国土管理という観点から、国土交通省・日本道路公団が中心となって進めている社会基盤(道路・河川・港湾)でのIT化について、講演があった。

 現在、社会基盤でのIT化が進められている。このIT化の目的は、(1)監視カメラ・センサにより情報収集の高度化、(2)ネットワークの広域化などにより情報伝送の高度化、(3)中央監視システムでの大画面利用などにより情報提供の高度化、を図ることである。
 
 その社会基盤でのIT化を進める中心は、国土交通省・日本道路公団である。国土交通省は、2005年を目標として、「情報ハイウェイ」と呼ばれる、直轄道路・河川に光ファイバーを完全敷設した全国的な光ファイバー網の構築を目指している。また、光ファイバーの整備にあわせ、民間事業者の光ファイバー網の整備支援のための、光ファイバー収容空間(情報BOX・電線共同溝)を整備している。日本道路公団は、光ネットワークは既に完成させていて、トンネルなどでの集中的監視システム、雪氷作業支援システムなどの整備をはじめたところである。
 
 それでは次いで、社会基盤である道路・河川・港湾それぞれにおいて、IT化の動向を見ていく。
 
 「道路のIT化」…現在、交通事故、渋滞などといった道路交通問題の解決を目的に新しい交通システムであるITS(注1)の構築が進められている。ITSは、スマートウェイ(道路)・スマートカー(車)・スマートゲートウェイ(道路と車の通信)で三位一体となって、推進されている。道路のIT化としては、まず、このスマートウェイを展開していくことが挙げられる。具体的には、路車間で通信を行うシステム・光ファイバー網の整備があるが、その他に最新の画像処理技術を用いた渋滞検出・降雪検出などの様々なセンサの充実が図られている。また、道路の維持管理においても、IT化が進められている。例えば、トンネルなど保守作業の効率化、路面凍結対策として道路の路面状況センサ・温度センサ・塩分濃度センサなどの開発、導入が行われている。
 
 「河川のIT化」…河川のIT化の目的は、水防・砂防の確実性を上げることであるといえる。そのために、複数のダムをネットワークを通じて、包括的に水量調整などを行う複数ダムの統合管理や、土石流監視など各種センサの実用化が行われている。
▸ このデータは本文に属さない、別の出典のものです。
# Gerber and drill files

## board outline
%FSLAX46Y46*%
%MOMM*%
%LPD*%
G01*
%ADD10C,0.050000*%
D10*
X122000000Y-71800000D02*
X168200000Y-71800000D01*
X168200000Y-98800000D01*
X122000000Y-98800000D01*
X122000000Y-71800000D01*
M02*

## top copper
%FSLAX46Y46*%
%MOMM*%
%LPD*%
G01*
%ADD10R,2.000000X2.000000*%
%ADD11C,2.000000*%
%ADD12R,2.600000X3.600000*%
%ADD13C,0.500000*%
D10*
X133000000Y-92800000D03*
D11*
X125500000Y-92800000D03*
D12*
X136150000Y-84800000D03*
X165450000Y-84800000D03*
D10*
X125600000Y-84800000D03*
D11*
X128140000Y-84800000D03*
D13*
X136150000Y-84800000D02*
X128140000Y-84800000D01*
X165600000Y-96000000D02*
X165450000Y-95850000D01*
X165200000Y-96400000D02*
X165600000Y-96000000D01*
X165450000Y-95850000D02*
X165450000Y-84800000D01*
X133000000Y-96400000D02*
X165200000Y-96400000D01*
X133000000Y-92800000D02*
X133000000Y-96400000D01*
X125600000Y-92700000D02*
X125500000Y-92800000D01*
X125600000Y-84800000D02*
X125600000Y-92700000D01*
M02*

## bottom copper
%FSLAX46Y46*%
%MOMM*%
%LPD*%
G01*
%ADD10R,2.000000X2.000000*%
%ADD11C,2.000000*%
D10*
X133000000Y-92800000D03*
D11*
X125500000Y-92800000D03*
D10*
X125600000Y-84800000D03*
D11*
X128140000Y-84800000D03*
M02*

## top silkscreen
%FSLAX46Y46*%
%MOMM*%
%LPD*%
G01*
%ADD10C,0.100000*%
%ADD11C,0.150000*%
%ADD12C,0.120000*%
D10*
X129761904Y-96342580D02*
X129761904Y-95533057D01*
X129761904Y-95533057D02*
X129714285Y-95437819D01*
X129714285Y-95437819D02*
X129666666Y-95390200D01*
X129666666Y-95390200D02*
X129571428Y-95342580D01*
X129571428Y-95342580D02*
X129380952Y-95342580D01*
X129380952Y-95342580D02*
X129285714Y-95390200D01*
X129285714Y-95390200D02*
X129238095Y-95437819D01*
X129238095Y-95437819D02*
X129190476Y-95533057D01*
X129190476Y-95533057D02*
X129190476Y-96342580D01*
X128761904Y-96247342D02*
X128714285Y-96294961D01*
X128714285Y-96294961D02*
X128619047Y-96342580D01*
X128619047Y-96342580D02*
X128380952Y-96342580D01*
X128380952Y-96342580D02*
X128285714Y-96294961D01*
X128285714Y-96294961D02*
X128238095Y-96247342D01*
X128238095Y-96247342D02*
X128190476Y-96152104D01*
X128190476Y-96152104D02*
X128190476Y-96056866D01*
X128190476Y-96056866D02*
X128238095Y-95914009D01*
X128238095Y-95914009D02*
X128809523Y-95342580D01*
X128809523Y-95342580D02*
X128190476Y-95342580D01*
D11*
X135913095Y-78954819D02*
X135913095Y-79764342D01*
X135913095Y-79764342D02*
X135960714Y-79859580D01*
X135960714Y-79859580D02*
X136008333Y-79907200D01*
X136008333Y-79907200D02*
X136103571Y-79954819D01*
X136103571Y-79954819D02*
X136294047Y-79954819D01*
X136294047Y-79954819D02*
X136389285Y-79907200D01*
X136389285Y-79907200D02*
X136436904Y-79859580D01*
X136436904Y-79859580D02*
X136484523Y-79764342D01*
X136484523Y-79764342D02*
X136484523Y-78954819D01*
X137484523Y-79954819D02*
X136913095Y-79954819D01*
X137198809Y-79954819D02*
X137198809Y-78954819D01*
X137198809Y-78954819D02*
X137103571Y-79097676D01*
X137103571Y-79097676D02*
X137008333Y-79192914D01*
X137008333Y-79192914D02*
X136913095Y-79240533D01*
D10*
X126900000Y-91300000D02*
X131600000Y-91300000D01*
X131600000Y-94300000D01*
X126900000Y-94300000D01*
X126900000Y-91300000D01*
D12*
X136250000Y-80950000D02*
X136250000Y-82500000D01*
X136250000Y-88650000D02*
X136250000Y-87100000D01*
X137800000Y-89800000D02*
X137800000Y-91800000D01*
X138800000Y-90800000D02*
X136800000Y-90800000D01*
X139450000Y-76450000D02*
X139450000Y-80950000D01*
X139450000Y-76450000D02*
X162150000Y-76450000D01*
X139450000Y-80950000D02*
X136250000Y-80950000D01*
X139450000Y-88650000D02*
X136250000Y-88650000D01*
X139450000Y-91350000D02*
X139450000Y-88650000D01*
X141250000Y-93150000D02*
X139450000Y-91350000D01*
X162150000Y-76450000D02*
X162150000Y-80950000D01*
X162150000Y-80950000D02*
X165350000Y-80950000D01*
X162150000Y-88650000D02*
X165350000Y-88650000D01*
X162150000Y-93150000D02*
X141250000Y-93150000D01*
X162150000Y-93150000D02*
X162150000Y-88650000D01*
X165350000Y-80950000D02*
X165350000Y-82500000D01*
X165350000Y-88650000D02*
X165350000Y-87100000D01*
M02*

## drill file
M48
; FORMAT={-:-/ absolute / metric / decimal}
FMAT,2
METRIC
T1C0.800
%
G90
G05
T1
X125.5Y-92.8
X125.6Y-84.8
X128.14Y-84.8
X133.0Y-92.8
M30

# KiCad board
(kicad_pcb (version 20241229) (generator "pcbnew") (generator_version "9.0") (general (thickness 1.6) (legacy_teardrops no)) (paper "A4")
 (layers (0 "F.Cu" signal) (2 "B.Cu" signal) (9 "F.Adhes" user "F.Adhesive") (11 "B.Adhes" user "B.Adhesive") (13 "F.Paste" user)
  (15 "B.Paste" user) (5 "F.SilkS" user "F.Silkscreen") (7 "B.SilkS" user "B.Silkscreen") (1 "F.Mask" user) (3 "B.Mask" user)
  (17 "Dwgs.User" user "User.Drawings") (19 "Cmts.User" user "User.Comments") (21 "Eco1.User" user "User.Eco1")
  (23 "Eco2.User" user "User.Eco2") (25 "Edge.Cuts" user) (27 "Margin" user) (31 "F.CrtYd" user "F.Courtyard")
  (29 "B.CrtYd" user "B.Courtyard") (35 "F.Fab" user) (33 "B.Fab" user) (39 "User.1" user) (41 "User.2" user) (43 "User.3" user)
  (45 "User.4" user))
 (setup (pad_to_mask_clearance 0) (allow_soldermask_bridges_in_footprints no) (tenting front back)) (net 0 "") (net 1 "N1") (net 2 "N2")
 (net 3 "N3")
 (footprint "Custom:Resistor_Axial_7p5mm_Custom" (layer "F.Cu") (at 133 92.8 180)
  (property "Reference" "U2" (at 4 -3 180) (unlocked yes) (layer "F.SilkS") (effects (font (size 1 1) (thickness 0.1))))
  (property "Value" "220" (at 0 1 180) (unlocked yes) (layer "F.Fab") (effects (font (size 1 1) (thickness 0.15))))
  (fp_rect (start 1.4 -1.5) (end 6.1 1.5) (stroke (width 0.1) (type solid)) (fill no) (layer "F.SilkS"))
  (pad "1" thru_hole rect (at 0 0 180) (size 2 2) (drill 0.8) (layers "*.Cu" "*.Mask") (remove_unused_layers no) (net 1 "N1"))
  (pad "2" thru_hole circle (at 7.5 0 180) (size 2 2) (drill 0.8) (layers "*.Cu" "*.Mask") (remove_unused_layers no) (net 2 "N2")))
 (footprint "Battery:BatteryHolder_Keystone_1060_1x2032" (layer "F.Cu") (at 150.8 84.8)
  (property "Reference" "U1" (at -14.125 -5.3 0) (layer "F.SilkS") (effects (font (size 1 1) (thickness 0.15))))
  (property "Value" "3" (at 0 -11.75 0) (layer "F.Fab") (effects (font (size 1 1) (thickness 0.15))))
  (fp_line (start -14.55 -3.85) (end -14.55 -2.3) (stroke (width 0.12) (type solid)) (layer "F.SilkS"))
  (fp_line (start -14.55 3.85) (end -14.55 2.3) (stroke (width 0.12) (type solid)) (layer "F.SilkS"))
  (fp_line (start -13 5) (end -13 7) (stroke (width 0.12) (type solid)) (layer "F.SilkS"))
  (fp_line (start -12 6) (end -14 6) (stroke (width 0.12) (type solid)) (layer "F.SilkS"))
  (fp_line (start -11.35 -8.35) (end -11.35 -3.85) (stroke (width 0.12) (type solid)) (layer "F.SilkS"))
  (fp_line (start -11.35 -8.35) (end 11.35 -8.35) (stroke (width 0.12) (type solid)) (layer "F.SilkS"))
  (fp_line (start -11.35 -3.85) (end -14.55 -3.85) (stroke (width 0.12) (type solid)) (layer "F.SilkS"))
  (fp_line (start -11.35 3.85) (end -14.55 3.85) (stroke (width 0.12) (type solid)) (layer "F.SilkS"))
  (fp_line (start -11.35 6.55) (end -11.35 3.85) (stroke (width 0.12) (type solid)) (layer "F.SilkS"))
  (fp_line (start -9.55 8.35) (end -11.35 6.55) (stroke (width 0.12) (type solid)) (layer "F.SilkS"))
  (fp_line (start 11.35 -8.35) (end 11.35 -3.85) (stroke (width 0.12) (type solid)) (layer "F.SilkS"))
  (fp_line (start 11.35 -3.85) (end 14.55 -3.85) (stroke (width 0.12) (type solid)) (layer "F.SilkS"))
  (fp_line (start 11.35 3.85) (end 14.55 3.85) (stroke (width 0.12) (type solid)) (layer "F.SilkS"))
  (fp_line (start 11.35 8.35) (end -9.55 8.35) (stroke (width 0.12) (type solid)) (layer "F.SilkS"))
  (fp_line (start 11.35 8.35) (end 11.35 3.85) (stroke (width 0.12) (type solid)) (layer "F.SilkS"))
  (fp_line (start 14.55 -3.85) (end 14.55 -2.3) (stroke (width 0.12) (type solid)) (layer "F.SilkS"))
  (fp_line (start 14.55 3.85) (end 14.55 2.3) (stroke (width 0.12) (type solid)) (layer "F.SilkS"))
  (pad "1" smd rect (at -14.65 0 180) (size 2.6 3.6) (layers "F.Cu" "F.Mask" "F.Paste") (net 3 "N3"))
  (pad "2" smd rect (at 14.65 0 180) (size 2.6 3.6) (layers "F.Cu" "F.Mask" "F.Paste") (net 1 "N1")))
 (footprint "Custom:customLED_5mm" (layer "B.Cu") (at 125.6 84.8)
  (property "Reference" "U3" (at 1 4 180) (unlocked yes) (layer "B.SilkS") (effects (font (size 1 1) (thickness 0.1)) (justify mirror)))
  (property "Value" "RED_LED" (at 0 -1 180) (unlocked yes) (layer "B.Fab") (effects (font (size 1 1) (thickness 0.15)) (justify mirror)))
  (pad "1" thru_hole rect (at 0 0) (size 2 2) (drill 0.8) (layers "*.Cu" "*.Mask") (remove_unused_layers no) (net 2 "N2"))
  (pad "2" thru_hole circle (at 2.54 0) (size 2 2) (drill 0.8) (layers "*.Cu" "*.Mask") (remove_unused_layers no) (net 3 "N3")))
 (gr_rect (start 122 71.8) (end 168.2 98.8) (stroke (width 0.05) (type default)) (fill no) (layer "Edge.Cuts"))
 (segment (start 136.15 84.8) (end 128.14 84.8) (width 0.5) (layer "F.Cu") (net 3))
 (segment (start 165.6 96) (end 165.45 95.85) (width 0.5) (layer "F.Cu") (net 1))
 (segment (start 165.2 96.4) (end 165.6 96) (width 0.5) (layer "F.Cu") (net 1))
 (segment (start 165.45 95.85) (end 165.45 84.8) (width 0.5) (layer "F.Cu") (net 1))
 (segment (start 133 96.4) (end 165.2 96.4) (width 0.5) (layer "F.Cu") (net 1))
 (segment (start 133 92.8) (end 133 96.4) (width 0.5) (layer "F.Cu") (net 1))
 (segment (start 125.6 92.7) (end 125.5 92.8) (width 0.5) (layer "F.Cu") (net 2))
 (segment (start 125.6 84.8) (end 125.6 92.7) (width 0.5) (layer "F.Cu") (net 2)))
 「港湾のIT化」…港湾のIT化には、港湾管理者、港長に係わる申請・届出等の行政手続きを電子情報化した港湾EDIシステムの実施や港湾の維持管理業務の高度化がある。

 また、現在は道路と河川を統合管理する方向性に進んでいる。その動きの中で例えば、現在限られた範囲でしか行われていない画像利用をより広範囲で映像共有が実現できることを目的とした広域映像集配信システムなどが検討されている。
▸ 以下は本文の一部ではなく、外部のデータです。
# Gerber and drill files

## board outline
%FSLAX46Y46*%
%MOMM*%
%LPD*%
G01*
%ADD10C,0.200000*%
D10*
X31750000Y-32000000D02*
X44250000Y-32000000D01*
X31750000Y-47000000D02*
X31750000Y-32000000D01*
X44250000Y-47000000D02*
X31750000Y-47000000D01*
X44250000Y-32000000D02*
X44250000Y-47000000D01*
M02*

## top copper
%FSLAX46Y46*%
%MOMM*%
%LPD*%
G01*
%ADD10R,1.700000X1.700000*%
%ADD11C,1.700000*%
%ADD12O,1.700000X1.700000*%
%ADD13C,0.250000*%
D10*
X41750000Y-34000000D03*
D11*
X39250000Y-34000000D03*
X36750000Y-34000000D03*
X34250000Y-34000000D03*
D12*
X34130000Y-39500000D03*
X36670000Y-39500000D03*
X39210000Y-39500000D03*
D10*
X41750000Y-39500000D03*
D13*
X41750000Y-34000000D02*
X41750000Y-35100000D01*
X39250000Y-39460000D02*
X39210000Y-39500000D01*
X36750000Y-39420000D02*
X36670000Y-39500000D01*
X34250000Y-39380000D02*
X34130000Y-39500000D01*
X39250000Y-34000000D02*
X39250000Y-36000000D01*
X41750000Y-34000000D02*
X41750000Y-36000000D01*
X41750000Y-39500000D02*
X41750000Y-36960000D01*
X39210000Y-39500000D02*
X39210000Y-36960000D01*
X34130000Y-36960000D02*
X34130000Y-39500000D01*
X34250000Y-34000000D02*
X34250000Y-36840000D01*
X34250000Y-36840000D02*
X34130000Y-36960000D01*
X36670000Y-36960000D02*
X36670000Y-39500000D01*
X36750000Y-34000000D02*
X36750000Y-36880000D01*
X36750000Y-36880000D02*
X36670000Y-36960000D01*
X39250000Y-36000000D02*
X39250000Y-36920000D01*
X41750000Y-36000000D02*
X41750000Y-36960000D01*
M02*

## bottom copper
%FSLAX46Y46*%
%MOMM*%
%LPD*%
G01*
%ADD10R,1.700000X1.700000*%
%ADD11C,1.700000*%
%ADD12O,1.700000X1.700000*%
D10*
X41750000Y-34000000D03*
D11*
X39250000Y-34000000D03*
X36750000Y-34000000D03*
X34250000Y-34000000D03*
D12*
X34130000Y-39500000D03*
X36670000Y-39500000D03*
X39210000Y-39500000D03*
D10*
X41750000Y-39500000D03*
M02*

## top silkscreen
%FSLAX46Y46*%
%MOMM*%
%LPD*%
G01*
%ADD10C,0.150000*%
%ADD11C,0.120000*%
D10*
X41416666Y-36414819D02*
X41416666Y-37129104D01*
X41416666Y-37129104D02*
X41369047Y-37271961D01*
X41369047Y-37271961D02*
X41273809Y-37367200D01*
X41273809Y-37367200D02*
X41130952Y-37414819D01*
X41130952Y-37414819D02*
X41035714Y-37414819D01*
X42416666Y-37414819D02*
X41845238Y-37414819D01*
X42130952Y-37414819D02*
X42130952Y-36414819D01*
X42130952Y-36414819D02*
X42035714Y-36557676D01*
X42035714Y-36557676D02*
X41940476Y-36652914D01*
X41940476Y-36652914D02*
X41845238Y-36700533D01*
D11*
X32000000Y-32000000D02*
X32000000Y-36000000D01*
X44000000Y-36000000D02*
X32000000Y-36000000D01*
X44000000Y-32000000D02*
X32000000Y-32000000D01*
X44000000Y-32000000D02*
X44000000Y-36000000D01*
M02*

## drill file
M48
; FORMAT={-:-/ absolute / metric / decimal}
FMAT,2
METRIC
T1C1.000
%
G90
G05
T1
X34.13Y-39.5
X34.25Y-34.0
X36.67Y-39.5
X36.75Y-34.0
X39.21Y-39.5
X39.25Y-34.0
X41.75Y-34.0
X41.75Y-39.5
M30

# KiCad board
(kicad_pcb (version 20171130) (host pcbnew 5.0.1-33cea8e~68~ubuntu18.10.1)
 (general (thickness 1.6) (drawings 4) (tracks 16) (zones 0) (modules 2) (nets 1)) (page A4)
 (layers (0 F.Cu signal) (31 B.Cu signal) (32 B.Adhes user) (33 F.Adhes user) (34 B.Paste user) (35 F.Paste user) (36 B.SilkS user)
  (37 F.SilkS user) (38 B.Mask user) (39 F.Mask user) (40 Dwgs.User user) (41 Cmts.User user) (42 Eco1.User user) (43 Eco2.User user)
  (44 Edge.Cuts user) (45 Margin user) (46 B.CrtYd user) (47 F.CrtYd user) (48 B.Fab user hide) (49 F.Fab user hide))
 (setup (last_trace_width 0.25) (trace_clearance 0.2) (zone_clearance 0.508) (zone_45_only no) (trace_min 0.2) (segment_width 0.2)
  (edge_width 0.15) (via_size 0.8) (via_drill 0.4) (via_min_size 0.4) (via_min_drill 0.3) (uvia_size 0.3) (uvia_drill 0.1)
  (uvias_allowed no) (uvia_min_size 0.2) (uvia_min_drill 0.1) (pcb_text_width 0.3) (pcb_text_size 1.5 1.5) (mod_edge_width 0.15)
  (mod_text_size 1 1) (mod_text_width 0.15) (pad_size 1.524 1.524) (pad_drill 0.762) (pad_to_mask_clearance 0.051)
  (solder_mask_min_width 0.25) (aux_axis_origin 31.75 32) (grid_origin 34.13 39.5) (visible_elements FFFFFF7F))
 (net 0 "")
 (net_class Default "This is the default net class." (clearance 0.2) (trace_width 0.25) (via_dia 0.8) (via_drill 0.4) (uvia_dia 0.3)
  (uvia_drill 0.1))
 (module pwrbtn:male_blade (layer F.Cu) (at 38 34 180)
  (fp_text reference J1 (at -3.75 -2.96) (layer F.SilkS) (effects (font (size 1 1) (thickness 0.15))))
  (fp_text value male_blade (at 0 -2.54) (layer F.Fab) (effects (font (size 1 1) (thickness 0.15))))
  (fp_line (start 6 2) (end 6 -2) (layer F.SilkS) (width 0.12))
  (fp_line (start -6 -2) (end 6 -2) (layer F.SilkS) (width 0.12))
  (fp_line (start -6 2) (end 6 2) (layer F.SilkS) (width 0.12))
  (fp_line (start -6 2) (end -6 -2) (layer F.SilkS) (width 0.12))
  (pad 1 thru_hole rect (at -3.75 0 270) (size 1.7 1.7) (drill 1) (layers *.Cu *.Mask))
  (pad 2 thru_hole circle (at -1.25 0 270) (size 1.7 1.7) (drill 1) (layers *.Cu *.Mask))
  (pad 3 thru_hole circle (at 1.25 0 270) (size 1.7 1.7) (drill 1) (layers *.Cu *.Mask))
  (pad 4 thru_hole circle (at 3.75 0 270) (size 1.7 1.7) (drill 1) (layers *.Cu *.Mask)))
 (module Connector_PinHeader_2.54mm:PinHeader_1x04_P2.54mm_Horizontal (layer B.Cu) (at 41.75 39.5 90)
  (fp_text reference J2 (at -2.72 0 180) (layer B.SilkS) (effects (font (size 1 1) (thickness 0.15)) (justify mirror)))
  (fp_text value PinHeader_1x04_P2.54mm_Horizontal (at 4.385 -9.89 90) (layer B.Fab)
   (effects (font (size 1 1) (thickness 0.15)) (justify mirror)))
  (pad 4 thru_hole oval (at 0 -7.62 90) (size 1.7 1.7) (drill 1) (layers *.Cu *.Mask))
  (pad 3 thru_hole oval (at 0 -5.08 90) (size 1.7 1.7) (drill 1) (layers *.Cu *.Mask))
  (pad 2 thru_hole oval (at 0 -2.54 90) (size 1.7 1.7) (drill 1) (layers *.Cu *.Mask))
  (pad 1 thru_hole rect (at 0 0 90) (size 1.7 1.7) (drill 1) (layers *.Cu *.Mask)))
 (gr_line (start 31.75 32) (end 44.25 32) (layer Edge.Cuts) (width 0.2))
 (gr_line (start 31.75 47) (end 31.75 32) (layer Edge.Cuts) (width 0.2))
 (gr_line (start 44.25 47) (end 31.75 47) (layer Edge.Cuts) (width 0.2))
 (gr_line (start 44.25 32) (end 44.25 47) (layer Edge.Cuts) (width 0.2))
 (segment (start 41.75 34) (end 41.75 35.1) (width 0.25) (layer F.Cu) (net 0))
 (segment (start 39.25 39.46) (end 39.21 39.5) (width 0.25) (layer F.Cu) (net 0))
 (segment (start 36.75 39.42) (end 36.67 39.5) (width 0.25) (layer F.Cu) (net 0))
 (segment (start 34.25 39.38) (end 34.13 39.5) (width 0.25) (layer F.Cu) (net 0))
 (segment (start 39.25 34) (end 39.25 36) (width 0.25) (layer F.Cu) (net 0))
 (segment (start 41.75 34) (end 41.75 36) (width 0.25) (layer F.Cu) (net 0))
 (segment (start 41.75 39.5) (end 41.75 36.96) (width 0.25) (layer F.Cu) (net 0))
 (segment (start 39.21 39.5) (end 39.21 36.96) (width 0.25) (layer F.Cu) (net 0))
 (segment (start 34.13 36.96) (end 34.13 39.5) (width 0.25) (layer F.Cu) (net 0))
 (segment (start 34.25 34) (end 34.25 36.84) (width 0.25) (layer F.Cu) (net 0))
 (segment (start 34.25 36.84) (end 34.13 36.96) (width 0.25) (layer F.Cu) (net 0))
 (segment (start 36.67 36.96) (end 36.67 39.5) (width 0.25) (layer F.Cu) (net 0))
 (segment (start 36.75 34) (end 36.75 36.88) (width 0.25) (layer F.Cu) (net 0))
 (segment (start 36.75 36.88) (end 36.67 36.96) (width 0.25) (layer F.Cu) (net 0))
 (segment (start 39.25 36) (end 39.25 36.92) (width 0.25) (layer F.Cu) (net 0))
 (segment (start 41.75 36) (end 41.75 36.96) (width 0.25) (layer F.Cu) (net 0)))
 (注1)ITS:Intelligent Transport Systemsの略。情報技術を用いて人と車両と道路を結び、交通事故や渋滞などの道路交通問題の解決をはかる新しい交通システム。渋滞情報と連動した高度なナビゲーションシステムや、自動料金収受システム(ETC)など、いくつかの要素技術からなる。